Retail/Real Estate Industry

Submitted to – Finlatics
18/05/2020

Submitted by- Suprit Jariwal


Christ University Institute of Management
Suprit.jariwal@christuniversity.in
According to Michael Porter, a professor of strategy at Harvard Business School; the profitability
of any company is determined by these five forces in the market.

Bargaining Power of Buyer – LOW TO MODERATE


If we look at the real estate industry currently the consumer look for big brand names before
getting associated with any project. All the products are standardized and there are only few
differentiations like designing, location and some other amenities which every player in the
industry can provide. The switching cost is also low. Thus overall the bargaining power of buyer
was low but due to current economic slowdown and no demand for the real estate sector the
power of the buyer is moderate. The sector is facing cash crunch so they have to lower the prices
and lure the customers with discounts and offers.

Bargaining Power of Supplier - LOW


The key supplier of the real estate industry includes land sellers, construction contractors,
building and raw material, home furnishing and capital providers. As there are many players to
get the raw materials and the switching cost is also low in order to change the supplier so the
industry has an upper hand over the suppliers that is why the bargaining power of supplier is low.
There is negligible threat of forward integration by suppliers.

Threat of New Entrants - MODERATE


The threats can be mostly of 3 types -

• Legal Authorization
As there is no legal authorization required to start the business there is always threat for
new competition.
• Technology
As the products are standardized there is no specific need for technological advancements
as many of the work in this industry can be outsource to other supplier companies like
designing, furnishing, and many agents, consultant, property managers and employees
can be hired on contractual basis.
• Capital
Capital can be consider the main barrier to enter the sector as there is huge amount of
investment involved, the companies require large amount of capital or funds. Capital
accumulation also consider how big player you are and how big is the brand name and
also the previous projects in order to get easy funds. Moreover the ability to obtain
banking financing also limits small players from scaling up their projects.

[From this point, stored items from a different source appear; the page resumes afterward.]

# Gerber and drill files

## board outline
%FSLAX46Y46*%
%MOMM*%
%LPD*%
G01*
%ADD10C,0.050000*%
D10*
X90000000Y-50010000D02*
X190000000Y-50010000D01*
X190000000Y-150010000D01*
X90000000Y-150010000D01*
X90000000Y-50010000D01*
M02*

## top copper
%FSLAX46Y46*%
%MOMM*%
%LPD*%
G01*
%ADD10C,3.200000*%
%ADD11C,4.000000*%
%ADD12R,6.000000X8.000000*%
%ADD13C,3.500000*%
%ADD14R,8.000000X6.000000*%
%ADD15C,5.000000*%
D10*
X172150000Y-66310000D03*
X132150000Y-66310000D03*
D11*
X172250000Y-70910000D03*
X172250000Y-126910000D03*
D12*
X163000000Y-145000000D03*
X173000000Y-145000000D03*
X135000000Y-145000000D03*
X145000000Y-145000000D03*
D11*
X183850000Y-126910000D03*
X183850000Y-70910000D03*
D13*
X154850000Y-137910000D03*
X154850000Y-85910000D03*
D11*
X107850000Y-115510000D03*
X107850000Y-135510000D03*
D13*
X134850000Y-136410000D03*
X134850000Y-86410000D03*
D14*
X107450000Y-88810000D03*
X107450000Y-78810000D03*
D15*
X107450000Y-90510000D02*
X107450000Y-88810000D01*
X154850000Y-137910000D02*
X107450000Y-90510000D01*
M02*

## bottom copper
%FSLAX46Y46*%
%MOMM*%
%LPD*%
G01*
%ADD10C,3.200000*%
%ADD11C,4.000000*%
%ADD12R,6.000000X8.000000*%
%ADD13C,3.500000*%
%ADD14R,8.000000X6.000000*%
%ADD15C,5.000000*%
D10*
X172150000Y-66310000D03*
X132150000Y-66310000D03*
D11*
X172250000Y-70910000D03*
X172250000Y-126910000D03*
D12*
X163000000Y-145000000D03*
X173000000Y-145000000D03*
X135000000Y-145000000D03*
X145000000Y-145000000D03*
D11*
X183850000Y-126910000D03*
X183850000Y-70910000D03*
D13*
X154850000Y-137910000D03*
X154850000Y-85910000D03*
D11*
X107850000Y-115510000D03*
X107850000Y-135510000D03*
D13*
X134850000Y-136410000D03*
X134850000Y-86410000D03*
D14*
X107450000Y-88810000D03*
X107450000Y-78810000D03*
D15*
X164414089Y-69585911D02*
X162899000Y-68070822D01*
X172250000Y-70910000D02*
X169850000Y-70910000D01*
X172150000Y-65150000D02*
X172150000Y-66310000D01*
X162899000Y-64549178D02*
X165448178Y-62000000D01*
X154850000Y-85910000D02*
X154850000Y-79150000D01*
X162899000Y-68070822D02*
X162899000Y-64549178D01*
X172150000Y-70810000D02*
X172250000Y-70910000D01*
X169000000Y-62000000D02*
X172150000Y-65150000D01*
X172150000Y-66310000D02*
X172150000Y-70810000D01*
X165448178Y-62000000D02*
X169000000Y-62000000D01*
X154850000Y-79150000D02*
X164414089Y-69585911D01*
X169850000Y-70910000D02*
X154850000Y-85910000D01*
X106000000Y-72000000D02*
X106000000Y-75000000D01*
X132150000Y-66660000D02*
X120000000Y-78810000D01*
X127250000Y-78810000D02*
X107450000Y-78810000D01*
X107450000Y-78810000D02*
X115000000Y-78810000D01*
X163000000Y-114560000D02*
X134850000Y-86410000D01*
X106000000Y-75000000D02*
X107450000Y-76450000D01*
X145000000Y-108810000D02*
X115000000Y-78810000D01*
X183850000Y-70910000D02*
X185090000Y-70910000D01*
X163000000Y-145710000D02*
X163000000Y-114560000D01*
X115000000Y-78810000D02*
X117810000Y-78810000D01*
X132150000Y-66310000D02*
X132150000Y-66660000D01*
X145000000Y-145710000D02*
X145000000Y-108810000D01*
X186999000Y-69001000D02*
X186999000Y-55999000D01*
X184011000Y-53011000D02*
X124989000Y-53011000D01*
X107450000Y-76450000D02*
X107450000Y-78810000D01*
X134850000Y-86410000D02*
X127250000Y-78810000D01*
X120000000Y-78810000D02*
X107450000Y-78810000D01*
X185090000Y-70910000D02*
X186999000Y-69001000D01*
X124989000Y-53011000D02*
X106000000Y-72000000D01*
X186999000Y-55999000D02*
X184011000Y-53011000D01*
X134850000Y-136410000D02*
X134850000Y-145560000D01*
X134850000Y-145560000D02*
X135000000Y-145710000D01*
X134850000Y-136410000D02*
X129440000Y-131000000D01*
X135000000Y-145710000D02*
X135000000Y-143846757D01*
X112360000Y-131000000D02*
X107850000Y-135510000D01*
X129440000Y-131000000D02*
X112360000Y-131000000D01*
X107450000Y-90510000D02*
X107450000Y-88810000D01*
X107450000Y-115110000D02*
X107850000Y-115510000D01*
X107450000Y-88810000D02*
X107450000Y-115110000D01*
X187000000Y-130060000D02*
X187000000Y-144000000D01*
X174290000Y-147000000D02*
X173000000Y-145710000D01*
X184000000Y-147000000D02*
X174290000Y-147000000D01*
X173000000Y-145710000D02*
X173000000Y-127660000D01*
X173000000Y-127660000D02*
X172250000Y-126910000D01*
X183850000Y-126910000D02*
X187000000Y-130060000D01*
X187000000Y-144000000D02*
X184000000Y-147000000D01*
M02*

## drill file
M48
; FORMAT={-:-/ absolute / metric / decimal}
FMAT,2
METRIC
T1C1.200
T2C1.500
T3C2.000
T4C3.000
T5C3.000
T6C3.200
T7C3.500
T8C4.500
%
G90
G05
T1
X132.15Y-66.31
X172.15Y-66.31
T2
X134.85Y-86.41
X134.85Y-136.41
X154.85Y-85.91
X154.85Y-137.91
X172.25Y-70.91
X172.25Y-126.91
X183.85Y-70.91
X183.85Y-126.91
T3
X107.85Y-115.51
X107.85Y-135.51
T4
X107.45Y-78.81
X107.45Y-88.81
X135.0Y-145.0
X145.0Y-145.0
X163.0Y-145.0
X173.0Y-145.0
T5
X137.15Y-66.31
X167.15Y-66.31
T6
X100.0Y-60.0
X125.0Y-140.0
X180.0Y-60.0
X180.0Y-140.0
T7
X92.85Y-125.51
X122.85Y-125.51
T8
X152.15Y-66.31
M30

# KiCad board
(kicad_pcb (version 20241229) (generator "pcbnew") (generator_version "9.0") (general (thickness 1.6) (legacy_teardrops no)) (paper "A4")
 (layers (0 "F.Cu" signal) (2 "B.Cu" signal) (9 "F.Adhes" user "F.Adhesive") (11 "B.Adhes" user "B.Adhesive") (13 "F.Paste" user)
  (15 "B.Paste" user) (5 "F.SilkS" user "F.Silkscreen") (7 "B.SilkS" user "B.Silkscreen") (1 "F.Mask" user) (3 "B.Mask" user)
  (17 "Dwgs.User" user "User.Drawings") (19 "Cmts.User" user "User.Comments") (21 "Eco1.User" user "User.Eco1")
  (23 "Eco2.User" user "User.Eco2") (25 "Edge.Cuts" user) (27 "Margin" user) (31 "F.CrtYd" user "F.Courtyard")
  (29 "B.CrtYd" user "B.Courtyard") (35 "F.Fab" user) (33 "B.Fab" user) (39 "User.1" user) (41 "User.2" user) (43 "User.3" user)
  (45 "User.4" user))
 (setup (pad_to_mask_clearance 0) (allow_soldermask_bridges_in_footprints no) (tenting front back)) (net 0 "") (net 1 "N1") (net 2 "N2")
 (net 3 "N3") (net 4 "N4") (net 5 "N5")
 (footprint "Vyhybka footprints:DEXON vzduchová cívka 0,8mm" (layer "F.Cu") (at 152.15 66.31 180)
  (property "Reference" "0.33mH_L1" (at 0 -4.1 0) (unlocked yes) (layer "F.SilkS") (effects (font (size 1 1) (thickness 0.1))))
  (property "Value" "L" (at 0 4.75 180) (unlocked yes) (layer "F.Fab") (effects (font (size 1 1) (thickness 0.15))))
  (pad "" np_thru_hole circle (at -15 0 180) (size 3 3) (drill 3) (layers "*.Cu" "*.Mask"))
  (pad "" np_thru_hole circle (at 0 0 180) (size 4.5 4.5) (drill 4.5) (layers "*.Cu" "*.Mask"))
  (pad "" np_thru_hole circle (at 15 0 180) (size 3 3) (drill 3) (layers "*.Cu" "*.Mask"))
  (pad "1" thru_hole circle (at -20 0 180) (size 3.2 3.2) (drill 1.2) (layers "*.Cu" "*.Mask") (remove_unused_layers no) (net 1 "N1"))
  (pad "2" thru_hole circle (at 20 0 180) (size 3.2 3.2) (drill 1.2) (layers "*.Cu" "*.Mask") (remove_unused_layers no) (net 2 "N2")))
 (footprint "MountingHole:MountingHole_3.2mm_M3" (layer "F.Cu") (at 180 60)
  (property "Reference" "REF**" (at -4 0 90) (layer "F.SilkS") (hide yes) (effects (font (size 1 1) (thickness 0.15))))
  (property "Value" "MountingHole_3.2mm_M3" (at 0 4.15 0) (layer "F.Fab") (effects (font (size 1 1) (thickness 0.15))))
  (pad "" np_thru_hole circle (at 0 0) (size 3.2 3.2) (drill 3.2) (layers "*.Cu" "*.Mask")))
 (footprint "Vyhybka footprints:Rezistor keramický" (layer "F.Cu") (at 172.25 98.91 -90)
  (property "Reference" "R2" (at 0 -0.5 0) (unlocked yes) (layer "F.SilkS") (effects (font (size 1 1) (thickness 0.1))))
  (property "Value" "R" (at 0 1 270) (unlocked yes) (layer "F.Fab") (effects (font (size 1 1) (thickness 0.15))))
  (pad "1" thru_hole circle (at -28 0 270) (size 4 4) (drill 1.5) (layers "*.Cu" "*.Mask") (remove_unused_layers no) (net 1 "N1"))
  (pad "2" thru_hole circle (at 28 0 270) (size 4 4) (drill 1.5) (layers "*.Cu" "*.Mask") (remove_unused_layers no) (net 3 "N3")))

Threat of Substitute products – VERY LOW


There is basically no substitute for the real estate industry as the demand for houses, offices and
any other building & construction activity can’t be substituted with some other products. So the
threat of substitute products is seemingly nil.

Competitive Rivalry - HIGH


The competition among the industry is very high be it residential development or commercial
development projects, as there are many big players in the market like DLF Ltd, Brigade
enterprises Ltd, Oberoi realty Ltd, etc. There are nearly 40 listed companies on the BSE in the
real estate industry which make the competition even more intense.

The profitability margin is very low due to current economic condition so the companies with
high cash reserves will be able to survive. Thus the companies will try to get the maximum
market share and lure the consumers with more offers and services at a very competitive pricing.